Joel Edgerton’s Boy Erased also stands as a testament to the benefits of stepping behind the camera before firmly establishing a brand that colors — and, potentially, limits — our evaluations. Since Edgerton was by no means a household name before 2015’s The Gift, his directorial debut, most had almost no frame-of-reference through which to analyze his output. Since he’s still not an A-lister in a majority of households, audiences will not filter Boy Erased through their Edgerton expectations (the movie has other problems, but that’s a piece for another day…that I will never write because, though perfectly fine, I don’t care enough about it one way or the other to spend the time).
Boy Erased does serve as a reminder of one of the consistent upsides to actors-turned-directors: they appear to believe that anyone can act, willing to take chances on the unseasoned, from Lady Gaga and Dave Chappelle in A Star is Born, to Flea and Trove Sivan in Boy Erased, and of course the young’uns in Mid90s.

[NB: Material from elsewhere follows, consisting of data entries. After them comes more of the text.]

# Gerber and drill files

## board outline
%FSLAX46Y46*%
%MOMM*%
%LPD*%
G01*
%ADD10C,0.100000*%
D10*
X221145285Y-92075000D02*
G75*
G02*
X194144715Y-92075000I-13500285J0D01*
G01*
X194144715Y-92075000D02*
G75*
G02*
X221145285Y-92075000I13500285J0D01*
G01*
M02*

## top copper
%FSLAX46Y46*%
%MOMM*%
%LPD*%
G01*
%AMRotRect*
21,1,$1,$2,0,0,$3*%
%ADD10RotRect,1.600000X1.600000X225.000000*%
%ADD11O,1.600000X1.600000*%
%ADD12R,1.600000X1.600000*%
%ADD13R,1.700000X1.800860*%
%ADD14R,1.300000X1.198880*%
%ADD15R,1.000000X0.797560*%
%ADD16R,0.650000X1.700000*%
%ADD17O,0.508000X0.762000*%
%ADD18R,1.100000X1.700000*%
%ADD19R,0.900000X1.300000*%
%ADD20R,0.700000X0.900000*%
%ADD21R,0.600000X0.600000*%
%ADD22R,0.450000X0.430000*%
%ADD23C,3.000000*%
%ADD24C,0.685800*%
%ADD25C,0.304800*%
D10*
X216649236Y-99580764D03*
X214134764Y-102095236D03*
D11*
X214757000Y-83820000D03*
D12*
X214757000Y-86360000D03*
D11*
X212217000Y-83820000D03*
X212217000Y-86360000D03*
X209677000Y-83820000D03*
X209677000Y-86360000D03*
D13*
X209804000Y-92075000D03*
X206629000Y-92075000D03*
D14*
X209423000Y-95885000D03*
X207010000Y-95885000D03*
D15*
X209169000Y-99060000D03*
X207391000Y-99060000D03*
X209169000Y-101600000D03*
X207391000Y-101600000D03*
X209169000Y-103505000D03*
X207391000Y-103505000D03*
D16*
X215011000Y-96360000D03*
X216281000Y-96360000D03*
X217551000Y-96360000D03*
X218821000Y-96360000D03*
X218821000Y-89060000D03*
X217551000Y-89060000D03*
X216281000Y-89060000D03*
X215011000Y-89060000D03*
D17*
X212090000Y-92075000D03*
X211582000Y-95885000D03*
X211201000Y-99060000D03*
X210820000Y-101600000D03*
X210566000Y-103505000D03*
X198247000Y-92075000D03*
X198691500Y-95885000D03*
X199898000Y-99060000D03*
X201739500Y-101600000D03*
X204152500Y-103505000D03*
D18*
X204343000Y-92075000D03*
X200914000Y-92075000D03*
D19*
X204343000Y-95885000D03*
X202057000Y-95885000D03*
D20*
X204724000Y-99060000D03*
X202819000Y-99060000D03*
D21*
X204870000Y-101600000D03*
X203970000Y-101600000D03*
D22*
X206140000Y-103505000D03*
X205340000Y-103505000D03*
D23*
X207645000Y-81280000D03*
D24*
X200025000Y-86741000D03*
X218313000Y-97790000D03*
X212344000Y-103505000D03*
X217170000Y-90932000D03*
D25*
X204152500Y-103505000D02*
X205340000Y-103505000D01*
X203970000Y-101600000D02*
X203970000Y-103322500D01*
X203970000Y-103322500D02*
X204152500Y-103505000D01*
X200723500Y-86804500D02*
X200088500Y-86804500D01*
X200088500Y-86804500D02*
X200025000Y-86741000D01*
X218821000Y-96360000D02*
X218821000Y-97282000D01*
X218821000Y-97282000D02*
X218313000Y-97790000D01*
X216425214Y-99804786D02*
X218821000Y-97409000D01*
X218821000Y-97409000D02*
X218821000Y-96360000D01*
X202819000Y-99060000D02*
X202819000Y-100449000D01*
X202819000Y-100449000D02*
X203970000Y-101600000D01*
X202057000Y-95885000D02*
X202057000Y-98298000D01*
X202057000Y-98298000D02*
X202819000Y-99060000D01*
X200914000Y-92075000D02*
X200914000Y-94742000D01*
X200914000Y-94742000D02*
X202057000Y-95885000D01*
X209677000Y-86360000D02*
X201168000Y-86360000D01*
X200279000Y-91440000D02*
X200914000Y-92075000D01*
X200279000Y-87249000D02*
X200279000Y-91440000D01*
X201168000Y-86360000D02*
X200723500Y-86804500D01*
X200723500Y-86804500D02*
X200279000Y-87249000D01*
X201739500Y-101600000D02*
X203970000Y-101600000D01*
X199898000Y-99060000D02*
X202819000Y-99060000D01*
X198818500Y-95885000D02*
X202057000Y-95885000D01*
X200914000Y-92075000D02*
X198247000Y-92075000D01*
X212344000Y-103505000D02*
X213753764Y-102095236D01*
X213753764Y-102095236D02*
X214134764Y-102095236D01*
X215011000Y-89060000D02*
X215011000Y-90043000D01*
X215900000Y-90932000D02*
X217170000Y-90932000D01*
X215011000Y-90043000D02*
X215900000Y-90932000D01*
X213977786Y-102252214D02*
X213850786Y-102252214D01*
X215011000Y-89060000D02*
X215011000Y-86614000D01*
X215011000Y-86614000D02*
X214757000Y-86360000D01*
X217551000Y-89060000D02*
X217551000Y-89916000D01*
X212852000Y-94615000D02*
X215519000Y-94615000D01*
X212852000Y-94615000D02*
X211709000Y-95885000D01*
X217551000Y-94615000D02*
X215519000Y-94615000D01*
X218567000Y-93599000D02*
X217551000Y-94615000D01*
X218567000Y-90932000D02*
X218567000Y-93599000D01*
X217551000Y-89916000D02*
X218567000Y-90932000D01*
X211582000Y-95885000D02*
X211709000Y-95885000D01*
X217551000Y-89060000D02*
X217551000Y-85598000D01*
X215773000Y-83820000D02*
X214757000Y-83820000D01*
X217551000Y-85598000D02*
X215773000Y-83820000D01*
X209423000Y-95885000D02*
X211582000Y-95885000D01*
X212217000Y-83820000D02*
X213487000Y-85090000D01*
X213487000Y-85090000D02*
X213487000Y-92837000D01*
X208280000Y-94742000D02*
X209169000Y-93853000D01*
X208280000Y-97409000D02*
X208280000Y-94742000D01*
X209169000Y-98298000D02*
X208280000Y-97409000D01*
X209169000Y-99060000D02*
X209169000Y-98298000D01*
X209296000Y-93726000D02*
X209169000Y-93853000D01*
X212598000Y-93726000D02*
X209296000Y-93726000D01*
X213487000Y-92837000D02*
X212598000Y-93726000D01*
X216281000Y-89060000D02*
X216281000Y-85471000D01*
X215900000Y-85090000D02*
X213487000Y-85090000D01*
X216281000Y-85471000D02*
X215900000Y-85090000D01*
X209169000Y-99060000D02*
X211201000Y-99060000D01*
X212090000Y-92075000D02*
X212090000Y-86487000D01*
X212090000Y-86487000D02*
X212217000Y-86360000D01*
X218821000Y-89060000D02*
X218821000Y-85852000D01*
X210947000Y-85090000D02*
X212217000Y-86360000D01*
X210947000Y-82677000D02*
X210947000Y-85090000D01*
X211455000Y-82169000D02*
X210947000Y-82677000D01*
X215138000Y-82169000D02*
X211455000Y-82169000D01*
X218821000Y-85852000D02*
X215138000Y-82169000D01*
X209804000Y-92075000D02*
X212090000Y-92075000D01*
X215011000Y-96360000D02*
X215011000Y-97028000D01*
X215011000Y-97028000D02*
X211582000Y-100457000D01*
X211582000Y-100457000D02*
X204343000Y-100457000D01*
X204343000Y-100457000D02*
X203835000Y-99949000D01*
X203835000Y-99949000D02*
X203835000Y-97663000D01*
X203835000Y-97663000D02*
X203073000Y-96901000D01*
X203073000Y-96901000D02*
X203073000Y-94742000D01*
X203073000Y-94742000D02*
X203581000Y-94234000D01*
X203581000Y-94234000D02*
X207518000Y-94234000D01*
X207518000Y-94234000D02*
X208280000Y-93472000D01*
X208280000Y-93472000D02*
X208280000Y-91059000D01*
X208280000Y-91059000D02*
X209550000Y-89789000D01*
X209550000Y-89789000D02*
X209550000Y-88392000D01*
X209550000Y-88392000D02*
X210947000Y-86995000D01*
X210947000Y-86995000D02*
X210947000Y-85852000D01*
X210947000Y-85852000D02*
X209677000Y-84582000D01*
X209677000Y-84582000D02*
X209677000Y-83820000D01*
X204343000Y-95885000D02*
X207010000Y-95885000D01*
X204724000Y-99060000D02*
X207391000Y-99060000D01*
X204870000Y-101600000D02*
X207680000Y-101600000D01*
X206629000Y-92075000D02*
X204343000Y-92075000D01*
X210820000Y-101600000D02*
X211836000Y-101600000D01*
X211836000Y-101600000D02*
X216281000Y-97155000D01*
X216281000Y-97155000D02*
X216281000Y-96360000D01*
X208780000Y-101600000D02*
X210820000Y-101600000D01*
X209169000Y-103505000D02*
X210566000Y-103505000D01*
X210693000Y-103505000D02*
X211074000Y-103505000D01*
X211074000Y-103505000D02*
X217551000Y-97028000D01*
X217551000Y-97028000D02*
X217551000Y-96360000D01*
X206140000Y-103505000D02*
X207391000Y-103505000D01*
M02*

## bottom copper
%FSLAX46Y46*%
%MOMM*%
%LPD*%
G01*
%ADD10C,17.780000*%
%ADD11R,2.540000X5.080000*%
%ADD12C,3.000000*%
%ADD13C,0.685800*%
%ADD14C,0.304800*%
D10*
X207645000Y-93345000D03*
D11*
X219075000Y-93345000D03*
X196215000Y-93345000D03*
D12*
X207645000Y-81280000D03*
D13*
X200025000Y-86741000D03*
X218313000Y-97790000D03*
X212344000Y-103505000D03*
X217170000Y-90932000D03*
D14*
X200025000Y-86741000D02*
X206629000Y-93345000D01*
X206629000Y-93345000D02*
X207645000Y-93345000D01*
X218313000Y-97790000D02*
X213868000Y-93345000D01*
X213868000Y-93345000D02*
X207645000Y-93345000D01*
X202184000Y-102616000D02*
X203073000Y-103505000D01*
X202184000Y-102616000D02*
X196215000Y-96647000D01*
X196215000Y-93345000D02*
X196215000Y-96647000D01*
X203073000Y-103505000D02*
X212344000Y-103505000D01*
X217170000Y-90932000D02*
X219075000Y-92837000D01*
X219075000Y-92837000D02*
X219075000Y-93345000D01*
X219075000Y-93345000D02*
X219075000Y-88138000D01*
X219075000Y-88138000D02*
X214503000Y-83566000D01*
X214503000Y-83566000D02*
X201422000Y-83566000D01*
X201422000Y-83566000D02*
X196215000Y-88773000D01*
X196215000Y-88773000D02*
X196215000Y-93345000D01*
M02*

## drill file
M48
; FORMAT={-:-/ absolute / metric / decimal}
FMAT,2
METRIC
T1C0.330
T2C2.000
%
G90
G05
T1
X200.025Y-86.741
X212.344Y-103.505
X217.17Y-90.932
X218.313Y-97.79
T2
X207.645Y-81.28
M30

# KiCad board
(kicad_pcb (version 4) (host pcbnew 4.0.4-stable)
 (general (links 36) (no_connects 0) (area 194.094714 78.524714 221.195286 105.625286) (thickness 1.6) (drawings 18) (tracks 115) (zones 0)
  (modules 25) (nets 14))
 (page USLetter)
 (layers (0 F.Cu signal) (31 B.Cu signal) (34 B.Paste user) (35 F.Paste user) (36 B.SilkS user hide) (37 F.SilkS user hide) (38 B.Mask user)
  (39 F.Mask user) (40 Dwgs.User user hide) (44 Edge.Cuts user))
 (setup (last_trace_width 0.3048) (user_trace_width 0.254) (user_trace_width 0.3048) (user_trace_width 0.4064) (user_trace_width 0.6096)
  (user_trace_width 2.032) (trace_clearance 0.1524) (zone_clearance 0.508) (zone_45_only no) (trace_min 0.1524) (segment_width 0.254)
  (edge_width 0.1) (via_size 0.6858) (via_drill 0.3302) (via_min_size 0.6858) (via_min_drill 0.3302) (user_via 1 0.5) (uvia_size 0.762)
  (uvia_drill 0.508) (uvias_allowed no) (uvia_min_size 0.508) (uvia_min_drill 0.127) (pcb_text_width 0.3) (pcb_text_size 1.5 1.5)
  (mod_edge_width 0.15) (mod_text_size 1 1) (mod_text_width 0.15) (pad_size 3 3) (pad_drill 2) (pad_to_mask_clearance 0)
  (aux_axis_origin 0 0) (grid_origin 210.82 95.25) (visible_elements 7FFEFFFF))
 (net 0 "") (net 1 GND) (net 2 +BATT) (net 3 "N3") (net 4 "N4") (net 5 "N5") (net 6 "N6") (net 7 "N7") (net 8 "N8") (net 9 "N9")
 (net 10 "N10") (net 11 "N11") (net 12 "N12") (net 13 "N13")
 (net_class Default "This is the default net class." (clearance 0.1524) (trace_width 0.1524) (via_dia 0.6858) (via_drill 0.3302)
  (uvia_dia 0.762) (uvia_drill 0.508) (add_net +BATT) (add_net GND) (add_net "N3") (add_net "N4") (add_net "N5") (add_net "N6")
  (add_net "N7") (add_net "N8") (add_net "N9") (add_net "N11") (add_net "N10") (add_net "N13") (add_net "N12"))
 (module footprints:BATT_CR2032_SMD (layer B.Cu) (at 207.645 93.345 180)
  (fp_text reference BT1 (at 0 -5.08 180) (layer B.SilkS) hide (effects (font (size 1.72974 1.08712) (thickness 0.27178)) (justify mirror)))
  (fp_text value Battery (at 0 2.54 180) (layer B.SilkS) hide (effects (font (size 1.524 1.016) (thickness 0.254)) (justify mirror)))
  (pad 2 smd circle (at 0 0 180) (size 17.78 17.78) (layers B.Cu B.Paste B.Mask) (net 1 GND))
  (pad 1 smd rect (at -11.43 0 180) (size 2.54 5.08) (layers B.Cu B.Paste B.Mask) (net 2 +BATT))
  (pad 1 smd rect (at 11.43 0 180) (size 2.54 5.08) (layers B.Cu B.Paste B.Mask) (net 2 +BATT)))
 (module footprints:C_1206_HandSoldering (layer F.Cu) (at 215.392 100.838 225)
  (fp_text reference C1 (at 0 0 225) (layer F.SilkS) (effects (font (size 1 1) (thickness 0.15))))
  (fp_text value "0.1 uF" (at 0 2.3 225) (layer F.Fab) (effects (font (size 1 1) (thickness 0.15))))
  (pad 1 smd rect (at -1.778 0 225) (size 1.6 1.6) (layers F.Cu F.Paste F.Mask) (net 1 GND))
  (pad 2 smd rect (at 1.778 0 225) (size 1.6 1.6) (layers F.Cu F.Paste F.Mask) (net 2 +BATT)))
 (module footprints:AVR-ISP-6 (layer F.Cu) (at 214.757 83.82 270)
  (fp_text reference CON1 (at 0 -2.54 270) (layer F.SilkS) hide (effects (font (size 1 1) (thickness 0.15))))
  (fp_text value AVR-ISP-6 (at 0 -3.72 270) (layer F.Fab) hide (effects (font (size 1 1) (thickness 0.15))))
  (pad 1 smd oval (at 0 0 270) (size 1.6 1.6) (layers F.Cu F.Paste F.Mask) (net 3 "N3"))
  (pad 2 smd rect (at 2.54 0 270) (size 1.6 1.6) (layers F.Cu F.Paste F.Mask) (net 2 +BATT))
  (pad 3 smd oval (at 0 2.54 270) (size 1.6 1.6) (layers F.Cu F.Paste F.Mask) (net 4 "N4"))
  (pad 4 smd oval (at 2.54 2.54 270) (size 1.6 1.6) (layers F.Cu F.Paste F.Mask) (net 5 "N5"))
  (pad 5 smd oval (at 0 5.08 270) (size 1.6 1.6) (layers F.Cu F.Paste F.Mask) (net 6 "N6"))
  (pad 6 smd oval (at 2.54 5.08 270) (size 1.6 1.6) (layers F.Cu F.Paste F.Mask) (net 1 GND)))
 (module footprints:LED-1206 (layer F.Cu) (at 208.28 92.075)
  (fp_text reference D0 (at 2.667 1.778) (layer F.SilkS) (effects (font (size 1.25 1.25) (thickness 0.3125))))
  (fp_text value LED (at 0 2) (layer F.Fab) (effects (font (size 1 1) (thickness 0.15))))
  (pad 2 smd rect (at 1.524 0 180) (size 1.7 1.80086) (layers F.Cu F.Paste F.Mask) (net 5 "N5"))
  (pad 1 smd rect (at -1.651 0 180) (size 1.7 1.80086) (layers F.Cu F.Paste F.Mask) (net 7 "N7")))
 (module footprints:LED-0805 (layer F.Cu) (at 208.28 95.885)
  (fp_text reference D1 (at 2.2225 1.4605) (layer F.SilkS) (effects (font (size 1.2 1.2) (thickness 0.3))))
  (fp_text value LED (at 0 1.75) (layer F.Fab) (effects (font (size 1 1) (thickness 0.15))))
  (pad 2 smd rect (at 1.143 0 180) (size 1.3 1.19888) (layers F.Cu F.Paste F.Mask) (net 3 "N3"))
  (pad 1 smd rect (at -1.27 0 180) (size 1.3 1.19888) (layers F.Cu F.Paste F.Mask) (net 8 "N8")))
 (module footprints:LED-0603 (layer F.Cu) (at 208.28 99.06)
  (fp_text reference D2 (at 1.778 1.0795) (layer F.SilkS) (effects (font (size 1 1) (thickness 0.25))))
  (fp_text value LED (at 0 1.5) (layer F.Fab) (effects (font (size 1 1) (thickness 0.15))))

The cynical read would be to claim that their classic movie-star egos convince them that they have enough overflowing talent to spare, and share they do.
That might sound snide, but it actually tends to be true: they elicit rather good performances from their ensembles, and not just because there’s inherent excitement in seeing a beloved celebrity in a fresh context; acting clearly comes naturally to these helmers. As such, it’s not too much of a stretch to expect the inverse could be true too: since they’re not natural hands with the camera, their work bears marks of an unsteady hand in a new vocation.
Even with quality components, they just can’t put it all together…yet (gotta stay optimistic!).